Signed-off-by: Ben McGinnes <ben at adversary.org>
diff --git a/lang/python/examples/howto/export-key.py b/lang/python/examples/howto/export-key.py
new file mode 100755
index 0000000..41be64f
--- /dev/null
+++ b/lang/python/examples/howto/export-key.py
@@ -0,0 +1,73 @@
+#!/usr/bin/env python3
+# -*- coding: utf-8 -*-
+
+from __future__ import absolute_import, division, unicode_literals
+
+# Copyright (C) 2018 Ben McGinnes <ben at gnupg.org>
+#
+# This program is free software; you can redistribute it and/or modify it under
+# the terms of the GNU General Public License as published by the Free Software
+# Foundation; either version 2 of the License, or (at your option) any later
+# version.
+#
+# This program is free software; you can redistribute it and/or modify it under
+# the terms of the GNU Lesser General Public License as published by the Free
+# Software Foundation; either version 2.1 of the License, or (at your option)
+# any later version.
+#
+# This program is distributed in the hope that it will be useful, but WITHOUT
+# ANY WARRANTY; without even the implied warranty of MERCHANTABILITY or FITNESS
+# FOR A PARTICULAR PURPOSE. See the GNU General Public License and the GNU
+# Lesser General Public Licensefor more details.
+#
+# You should have received a copy of the GNU General Public License and the GNU
+# Lesser General Public along with this program; if not, see
+# <http://www.gnu.org/licenses/>.
+
+import gpg
+import os.path
+import sys
+
+print("""
+This script exports one or more public keys.
+""")
+
+c = gpg.Context(armor=True)
+
+if len(sys.argv) >= 4:
+ keyfile = sys.argv[1]
+ logrus = sys.argv[2]
+ homedir = sys.argv[3]
+elif len(sys.argv) == 3:
+ keyfile = sys.argv[1]
+ logrus = sys.argv[2]
+ homedir = input("Enter the GPG configuration directory path (optional): ")
+elif len(sys.argv) == 2:
+ keyfile = sys.argv[1]
+ logrus = input("Enter the UID matching the key(s) to export: ")
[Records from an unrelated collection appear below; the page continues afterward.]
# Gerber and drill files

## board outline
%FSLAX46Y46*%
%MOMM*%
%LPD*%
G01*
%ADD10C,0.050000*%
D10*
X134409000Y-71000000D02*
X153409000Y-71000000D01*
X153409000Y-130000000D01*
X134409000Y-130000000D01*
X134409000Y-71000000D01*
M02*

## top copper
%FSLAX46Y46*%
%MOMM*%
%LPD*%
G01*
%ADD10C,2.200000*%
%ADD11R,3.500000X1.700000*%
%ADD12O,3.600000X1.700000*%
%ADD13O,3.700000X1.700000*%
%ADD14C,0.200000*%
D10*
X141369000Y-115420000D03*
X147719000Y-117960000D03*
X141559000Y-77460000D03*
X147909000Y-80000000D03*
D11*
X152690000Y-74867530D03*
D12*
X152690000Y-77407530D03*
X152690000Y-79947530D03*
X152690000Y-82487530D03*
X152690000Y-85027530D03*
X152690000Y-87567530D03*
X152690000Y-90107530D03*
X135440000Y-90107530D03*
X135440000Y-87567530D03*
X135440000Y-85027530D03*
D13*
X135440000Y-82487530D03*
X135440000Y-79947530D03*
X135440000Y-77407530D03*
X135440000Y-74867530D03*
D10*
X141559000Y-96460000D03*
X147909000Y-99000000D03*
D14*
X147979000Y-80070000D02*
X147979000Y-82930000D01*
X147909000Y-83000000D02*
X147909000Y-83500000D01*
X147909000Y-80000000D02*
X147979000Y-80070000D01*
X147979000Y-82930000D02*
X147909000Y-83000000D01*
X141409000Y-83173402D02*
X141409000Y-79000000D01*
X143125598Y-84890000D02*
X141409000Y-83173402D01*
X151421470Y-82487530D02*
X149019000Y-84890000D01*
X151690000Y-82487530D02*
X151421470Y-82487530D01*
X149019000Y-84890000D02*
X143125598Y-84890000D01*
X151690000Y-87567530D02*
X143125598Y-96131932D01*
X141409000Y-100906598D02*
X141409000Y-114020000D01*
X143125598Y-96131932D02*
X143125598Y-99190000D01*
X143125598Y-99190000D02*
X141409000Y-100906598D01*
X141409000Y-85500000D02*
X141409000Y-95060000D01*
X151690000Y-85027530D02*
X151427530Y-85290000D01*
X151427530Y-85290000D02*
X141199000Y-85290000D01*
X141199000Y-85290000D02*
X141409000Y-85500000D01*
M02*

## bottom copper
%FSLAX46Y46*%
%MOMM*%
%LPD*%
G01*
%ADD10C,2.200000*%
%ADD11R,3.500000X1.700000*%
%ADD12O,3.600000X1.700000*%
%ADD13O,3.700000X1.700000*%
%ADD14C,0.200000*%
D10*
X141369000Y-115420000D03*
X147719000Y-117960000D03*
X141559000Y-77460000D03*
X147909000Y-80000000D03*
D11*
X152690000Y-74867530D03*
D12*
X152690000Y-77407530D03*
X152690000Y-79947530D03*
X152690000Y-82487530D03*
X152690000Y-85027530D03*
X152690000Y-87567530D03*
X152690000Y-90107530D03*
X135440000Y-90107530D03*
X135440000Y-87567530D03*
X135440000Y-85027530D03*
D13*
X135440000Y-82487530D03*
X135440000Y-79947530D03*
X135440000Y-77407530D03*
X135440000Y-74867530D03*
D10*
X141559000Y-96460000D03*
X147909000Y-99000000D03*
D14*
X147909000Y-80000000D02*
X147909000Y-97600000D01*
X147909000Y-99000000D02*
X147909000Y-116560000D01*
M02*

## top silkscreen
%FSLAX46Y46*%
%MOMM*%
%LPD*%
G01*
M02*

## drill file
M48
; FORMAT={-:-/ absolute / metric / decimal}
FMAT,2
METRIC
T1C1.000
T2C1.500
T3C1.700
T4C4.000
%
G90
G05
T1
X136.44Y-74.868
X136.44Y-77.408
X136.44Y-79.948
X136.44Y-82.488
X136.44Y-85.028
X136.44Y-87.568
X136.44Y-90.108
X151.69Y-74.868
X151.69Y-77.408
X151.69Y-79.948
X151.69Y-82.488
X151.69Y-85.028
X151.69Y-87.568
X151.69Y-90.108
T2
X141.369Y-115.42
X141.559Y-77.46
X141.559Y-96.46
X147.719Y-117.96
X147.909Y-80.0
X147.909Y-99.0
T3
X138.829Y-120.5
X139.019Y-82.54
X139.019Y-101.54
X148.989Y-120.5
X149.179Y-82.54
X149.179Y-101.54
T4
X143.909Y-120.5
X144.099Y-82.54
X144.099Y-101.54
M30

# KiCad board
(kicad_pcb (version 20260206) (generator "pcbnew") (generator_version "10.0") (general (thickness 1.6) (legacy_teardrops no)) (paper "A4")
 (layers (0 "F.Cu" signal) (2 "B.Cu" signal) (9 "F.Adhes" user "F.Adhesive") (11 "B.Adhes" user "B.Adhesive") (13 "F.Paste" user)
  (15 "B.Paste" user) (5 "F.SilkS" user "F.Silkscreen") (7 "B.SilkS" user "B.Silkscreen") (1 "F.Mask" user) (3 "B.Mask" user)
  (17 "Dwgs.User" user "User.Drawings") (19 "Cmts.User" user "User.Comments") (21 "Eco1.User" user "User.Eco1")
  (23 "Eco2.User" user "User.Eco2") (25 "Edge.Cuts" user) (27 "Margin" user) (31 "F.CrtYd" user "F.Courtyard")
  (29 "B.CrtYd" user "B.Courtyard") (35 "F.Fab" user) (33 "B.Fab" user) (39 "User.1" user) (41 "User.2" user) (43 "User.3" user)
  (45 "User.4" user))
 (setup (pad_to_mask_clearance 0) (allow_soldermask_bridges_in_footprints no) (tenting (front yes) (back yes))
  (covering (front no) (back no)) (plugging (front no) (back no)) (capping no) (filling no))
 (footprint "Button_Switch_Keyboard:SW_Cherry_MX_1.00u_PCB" (layer "B.Cu") (at 141.369 115.42 180)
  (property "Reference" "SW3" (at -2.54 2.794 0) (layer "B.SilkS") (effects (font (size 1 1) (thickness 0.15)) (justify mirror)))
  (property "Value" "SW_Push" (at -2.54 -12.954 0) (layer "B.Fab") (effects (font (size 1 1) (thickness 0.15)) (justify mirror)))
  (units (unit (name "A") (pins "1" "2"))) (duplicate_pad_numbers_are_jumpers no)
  (pad "" np_thru_hole circle (at -7.62 -5.08 180) (size 1.7 1.7) (drill 1.7) (layers "*.Cu" "*.Mask"))
  (pad "" np_thru_hole circle (at -2.54 -5.08 180) (size 4 4) (drill 4) (layers "*.Cu" "*.Mask"))
  (pad "" np_thru_hole circle (at 2.54 -5.08 180) (size 1.7 1.7) (drill 1.7) (layers "*.Cu" "*.Mask"))
  (pad "1" thru_hole circle (at 0 0 180) (size 2.2 2.2) (drill 1.5) (layers "*.Cu" "*.Mask") (remove_unused_layers no)
   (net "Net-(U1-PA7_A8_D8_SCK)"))
  (pad "2" thru_hole circle (at -6.35 -2.54 180) (size 2.2 2.2) (drill 1.5) (layers "*.Cu" "*.Mask") (remove_unused_layers no)
   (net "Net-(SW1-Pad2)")))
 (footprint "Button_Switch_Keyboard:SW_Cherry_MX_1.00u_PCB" (layer "B.Cu") (at 141.559 77.46 180)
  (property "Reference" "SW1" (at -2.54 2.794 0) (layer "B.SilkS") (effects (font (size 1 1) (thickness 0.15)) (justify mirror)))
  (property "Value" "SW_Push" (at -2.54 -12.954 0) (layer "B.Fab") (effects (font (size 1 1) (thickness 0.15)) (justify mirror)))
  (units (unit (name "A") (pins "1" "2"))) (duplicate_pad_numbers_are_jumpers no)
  (pad "" np_thru_hole circle (at -7.62 -5.08 180) (size 1.7 1.7) (drill 1.7) (layers "*.Cu" "*.Mask"))
  (pad "" np_thru_hole circle (at -2.54 -5.08 180) (size 4 4) (drill 4) (layers "*.Cu" "*.Mask"))
  (pad "" np_thru_hole circle (at 2.54 -5.08 180) (size 1.7 1.7) (drill 1.7) (layers "*.Cu" "*.Mask"))
  (pad "1" thru_hole circle (at 0 0 180) (size 2.2 2.2) (drill 1.5) (layers "*.Cu" "*.Mask") (remove_unused_layers no)
   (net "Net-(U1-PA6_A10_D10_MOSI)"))
  (pad "2" thru_hole circle (at -6.35 -2.54 180) (size 2.2 2.2) (drill 1.5) (layers "*.Cu" "*.Mask") (remove_unused_layers no)
   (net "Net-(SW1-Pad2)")))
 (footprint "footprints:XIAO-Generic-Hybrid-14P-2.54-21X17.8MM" (layer "B.Cu") (at 144.065 82.48753 180)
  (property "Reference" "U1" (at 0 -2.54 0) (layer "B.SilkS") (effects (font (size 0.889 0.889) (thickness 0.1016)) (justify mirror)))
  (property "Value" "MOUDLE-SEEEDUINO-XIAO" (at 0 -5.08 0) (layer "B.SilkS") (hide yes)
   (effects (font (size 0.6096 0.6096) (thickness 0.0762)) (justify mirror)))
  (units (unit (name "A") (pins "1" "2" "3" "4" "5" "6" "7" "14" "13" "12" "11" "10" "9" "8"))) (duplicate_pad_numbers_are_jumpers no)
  (pad "1" thru_hole rect (at -7.625 7.62 180) (size 3.5 1.7) (drill 1 (offset -1 0)) (layers "*.Cu" "*.Mask") (remove_unused_layers no)
   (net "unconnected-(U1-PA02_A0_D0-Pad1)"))
  (pad "2" thru_hole oval (at -7.625 5.08 180) (size 3.6 1.7) (drill 1 (offset -1 0)) (layers "*.Cu" "*.Mask") (remove_unused_layers no)
   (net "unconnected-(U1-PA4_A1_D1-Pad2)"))
  (pad "3" thru_hole oval (at -7.625 2.54 180) (size 3.6 1.7) (drill 1 (offset -1 0)) (layers "*.Cu" "*.Mask") (remove_unused_layers no)
   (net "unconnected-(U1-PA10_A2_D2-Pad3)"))
  (pad "4" thru_hole oval (at -7.625 0 180) (size 3.6 1.7) (drill 1 (offset -1 0)) (layers "*.Cu" "*.Mask") (remove_unused_layers no)
   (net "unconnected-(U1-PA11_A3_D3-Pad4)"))
  (pad "5" thru_hole oval (at -7.625 -2.54 180) (size 3.6 1.7) (drill 1 (offset -1 0)) (layers "*.Cu" "*.Mask") (remove_unused_layers no)
   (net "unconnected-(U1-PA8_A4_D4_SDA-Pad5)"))
  (pad "6" thru_hole oval (at -7.625 -5.08) (size 3.6 1.7) (drill 1 (offset 1 0)) (layers "*.Cu" "*.Mask") (remove_unused_layers no)
   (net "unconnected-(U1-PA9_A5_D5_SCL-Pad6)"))
  (pad "7" thru_hole oval (at -7.625 -7.62 180) (size 3.6 1.7) (drill 1 (offset -1 0)) (layers "*.Cu" "*.Mask") (remove_unused_layers no)
   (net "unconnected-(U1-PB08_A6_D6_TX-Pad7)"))
  (pad "8" thru_hole oval (at 7.625 -7.62 180) (size 3.6 1.7) (drill 1 (offset 1 0)) (layers "*.Cu" "*.Mask") (remove_unused_layers no)
   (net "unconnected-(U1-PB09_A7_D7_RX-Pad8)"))
  (pad "9" thru_hole oval (at 7.625 -5.08 180) (size 3.6 1.7) (drill 1 (offset 1 0)) (layers "*.Cu" "*.Mask") (remove_unused_layers no)
   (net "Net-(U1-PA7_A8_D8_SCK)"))
  (pad "10" thru_hole oval (at 7.625 -2.54 180) (size 3.6 1.7) (drill 1 (offset 1 0)) (layers "*.Cu" "*.Mask") (remove_unused_layers no)
   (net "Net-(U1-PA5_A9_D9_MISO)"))
  (pad "11" thru_hole oval (at 7.625 0 180) (size 3.7 1.7) (drill 1 (offset 1 0)) (layers "*.Cu" "*.Mask") (remove_unused_layers no)
   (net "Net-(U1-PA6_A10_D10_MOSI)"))
  (pad "12" thru_hole oval (at 7.625 2.54 180) (size 3.7 1.7) (drill 1 (offset 1 0)) (layers "*.Cu" "*.Mask") (remove_unused_layers no)
   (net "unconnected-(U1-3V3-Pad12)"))
  (pad "13" thru_hole oval (at 7.625 5.08 180) (size 3.7 1.7) (drill 1 (offset 1 0)) (layers "*.Cu" "*.Mask") (remove_unused_layers no)
   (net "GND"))
  (pad "14" thru_hole oval (at 7.625 7.62 180) (size 3.7 1.7) (drill 1 (offset 1 0)) (layers "*.Cu" "*.Mask") (remove_unused_layers no)
   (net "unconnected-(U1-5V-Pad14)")))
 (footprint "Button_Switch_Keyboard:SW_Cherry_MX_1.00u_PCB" (layer "B.Cu") (at 141.559 96.46 180)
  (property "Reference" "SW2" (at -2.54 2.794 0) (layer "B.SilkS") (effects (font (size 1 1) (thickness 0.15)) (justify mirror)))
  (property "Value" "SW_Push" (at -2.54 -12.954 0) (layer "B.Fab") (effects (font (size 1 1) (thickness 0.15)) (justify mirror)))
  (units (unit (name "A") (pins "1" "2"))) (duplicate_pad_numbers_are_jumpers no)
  (pad "" np_thru_hole circle (at -7.62 -5.08 180) (size 1.7 1.7) (drill 1.7) (layers "*.Cu" "*.Mask"))
  (pad "" np_thru_hole circle (at -2.54 -5.08 180) (size 4 4) (drill 4) (layers "*.Cu" "*.Mask"))
  (pad "" np_thru_hole circle (at 2.54 -5.08 180) (size 1.7 1.7) (drill 1.7) (layers "*.Cu" "*.Mask"))
  (pad "1" thru_hole circle (at 0 0 180) (size 2.2 2.2) (drill 1.5) (layers "*.Cu" "*.Mask") (remove_unused_layers no)
   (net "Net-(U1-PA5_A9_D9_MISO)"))
  (pad "2" thru_hole circle (at -6.35 -2.54 180) (size 2.2 2.2) (drill 1.5) (layers "*.Cu" "*.Mask") (remove_unused_layers no) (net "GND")))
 (gr_rect (start 134.409 71) (end 153.409 130) (stroke (width 0.05) (type default)) (fill no) (layer "Edge.Cuts"))
 (segment (start 147.979 80.07) (end 147.979 82.93) (width 0.2) (layer "F.Cu") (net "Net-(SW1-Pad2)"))
 (segment (start 147.909 83) (end 147.909 83.5) (width 0.2) (layer "F.Cu") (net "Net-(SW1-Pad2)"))
 (segment (start 147.909 80) (end 147.979 80.07) (width 0.2) (layer "F.Cu") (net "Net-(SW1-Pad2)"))
 (segment (start 147.979 82.93) (end 147.909 83) (width 0.2) (layer "F.Cu") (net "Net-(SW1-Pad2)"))
 (segment (start 147.909 80) (end 147.909 97.6) (width 0.2) (layer "B.Cu") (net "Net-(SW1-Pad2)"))
 (segment (start 147.909 99) (end 147.909 116.56) (width 0.2) (layer "B.Cu") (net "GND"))
 (segment (start 141.409 83.173402) (end 141.409 79) (width 0.2) (layer "F.Cu") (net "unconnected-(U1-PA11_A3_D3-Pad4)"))
 (segment (start 143.125598 84.89) (end 141.409 83.173402) (width 0.2) (layer "F.Cu") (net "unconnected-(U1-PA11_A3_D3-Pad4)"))
 (segment (start 151.42147 82.48753) (end 149.019 84.89) (width 0.2) (layer "F.Cu") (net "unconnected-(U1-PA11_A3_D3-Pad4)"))
 (segment (start 151.69 82.48753) (end 151.42147 82.48753) (width 0.2) (layer "F.Cu") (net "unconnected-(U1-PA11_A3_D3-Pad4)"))
 (segment (start 149.019 84.89) (end 143.125598 84.89) (width 0.2) (layer "F.Cu") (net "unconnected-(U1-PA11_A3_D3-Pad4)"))
 (segment (start 151.69 87.56753) (end 143.125598 96.131932) (width 0.2) (layer "F.Cu") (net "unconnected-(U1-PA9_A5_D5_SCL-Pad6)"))
 (segment (start 141.409 100.906598) (end 141.409 114.02) (width 0.2) (layer "F.Cu") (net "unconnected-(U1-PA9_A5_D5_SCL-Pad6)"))
 (segment (start 143.125598 96.131932) (end 143.125598 99.19) (width 0.2) (layer "F.Cu") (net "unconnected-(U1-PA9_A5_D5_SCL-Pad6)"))
 (segment (start 143.125598 99.19) (end 141.409 100.906598) (width 0.2) (layer "F.Cu") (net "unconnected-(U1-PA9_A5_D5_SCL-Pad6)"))
 (segment (start 141.409 85.5) (end 141.409 95.06) (width 0.2) (layer "F.Cu") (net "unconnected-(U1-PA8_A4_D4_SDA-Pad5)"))
 (segment (start 151.69 85.02753) (end 151.42753 85.29) (width 0.2) (layer "F.Cu") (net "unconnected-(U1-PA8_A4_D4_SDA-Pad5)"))
 (segment (start 151.42753 85.29) (end 141.199 85.29) (width 0.2) (layer "F.Cu") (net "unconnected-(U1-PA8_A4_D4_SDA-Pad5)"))
 (segment (start 141.199 85.29) (end 141.409 85.5) (width 0.2) (layer "F.Cu") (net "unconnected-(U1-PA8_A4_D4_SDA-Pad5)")))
+ homedir = input("Enter the GPG configuration directory path (optional): ")
+else:
+ keyfile = input("Enter the path and filename to save the secret key to: ")
+ logrus = input("Enter the UID matching the key(s) to export: ")
+ homedir = input("Enter the GPG configuration directory path (optional): ")
+
+if homedir.startswith("~"):
+ if os.path.exists(os.path.expanduser(homedir)) is True:
+ c.home_dir = os.path.expanduser(homedir)
+ else:
+ pass
+elif os.path.exists(homedir) is True:
+ c.home_dir = homedir
+else:
+ pass
+
+try:
+ result = c.key_export(pattern=logrus)
+except:
+ result = c.key_export(pattern=None)
+
+if result is not None:
+ with open(keyfile, "wb") as f:
+ f.write(result)
+else:
+ pass
diff --git a/lang/python/examples/howto/export-minimised-key.py b/lang/python/examples/howto/export-minimised-key.py
new file mode 100755
index 0000000..d28b1cb
--- /dev/null
+++ b/lang/python/examples/howto/export-minimised-key.py
@@ -0,0 +1,73 @@
+#!/usr/bin/env python3
+# -*- coding: utf-8 -*-
+
+from __future__ import absolute_import, division, unicode_literals
+
+# Copyright (C) 2018 Ben McGinnes <ben at gnupg.org>
+#
+# This program is free software; you can redistribute it and/or modify it under
+# the terms of the GNU General Public License as published by the Free Software
+# Foundation; either version 2 of the License, or (at your option) any later
+# version.
+#
+# This program is free software; you can redistribute it and/or modify it under
+# the terms of the GNU Lesser General Public License as published by the Free
+# Software Foundation; either version 2.1 of the License, or (at your option)
+# any later version.
+#
+# This program is distributed in the hope that it will be useful, but WITHOUT
+# ANY WARRANTY; without even the implied warranty of MERCHANTABILITY or FITNESS
+# FOR A PARTICULAR PURPOSE. See the GNU General Public License and the GNU
+# Lesser General Public Licensefor more details.
+#
+# You should have received a copy of the GNU General Public License and the GNU
+# Lesser General Public along with this program; if not, see
+# <http://www.gnu.org/licenses/>.
+
+import gpg
+import os.path
+import sys
+
+print("""
+This script exports one or more public keys in minimised form.
+""")
+
+c = gpg.Context(armor=True)
+
+if len(sys.argv) >= 4:
+ keyfile = sys.argv[1]
+ logrus = sys.argv[2]
+ homedir = sys.argv[3]
+elif len(sys.argv) == 3:
+ keyfile = sys.argv[1]
+ logrus = sys.argv[2]
+ homedir = input("Enter the GPG configuration directory path (optional): ")
+elif len(sys.argv) == 2:
+ keyfile = sys.argv[1]
+ logrus = input("Enter the UID matching the key(s) to export: ")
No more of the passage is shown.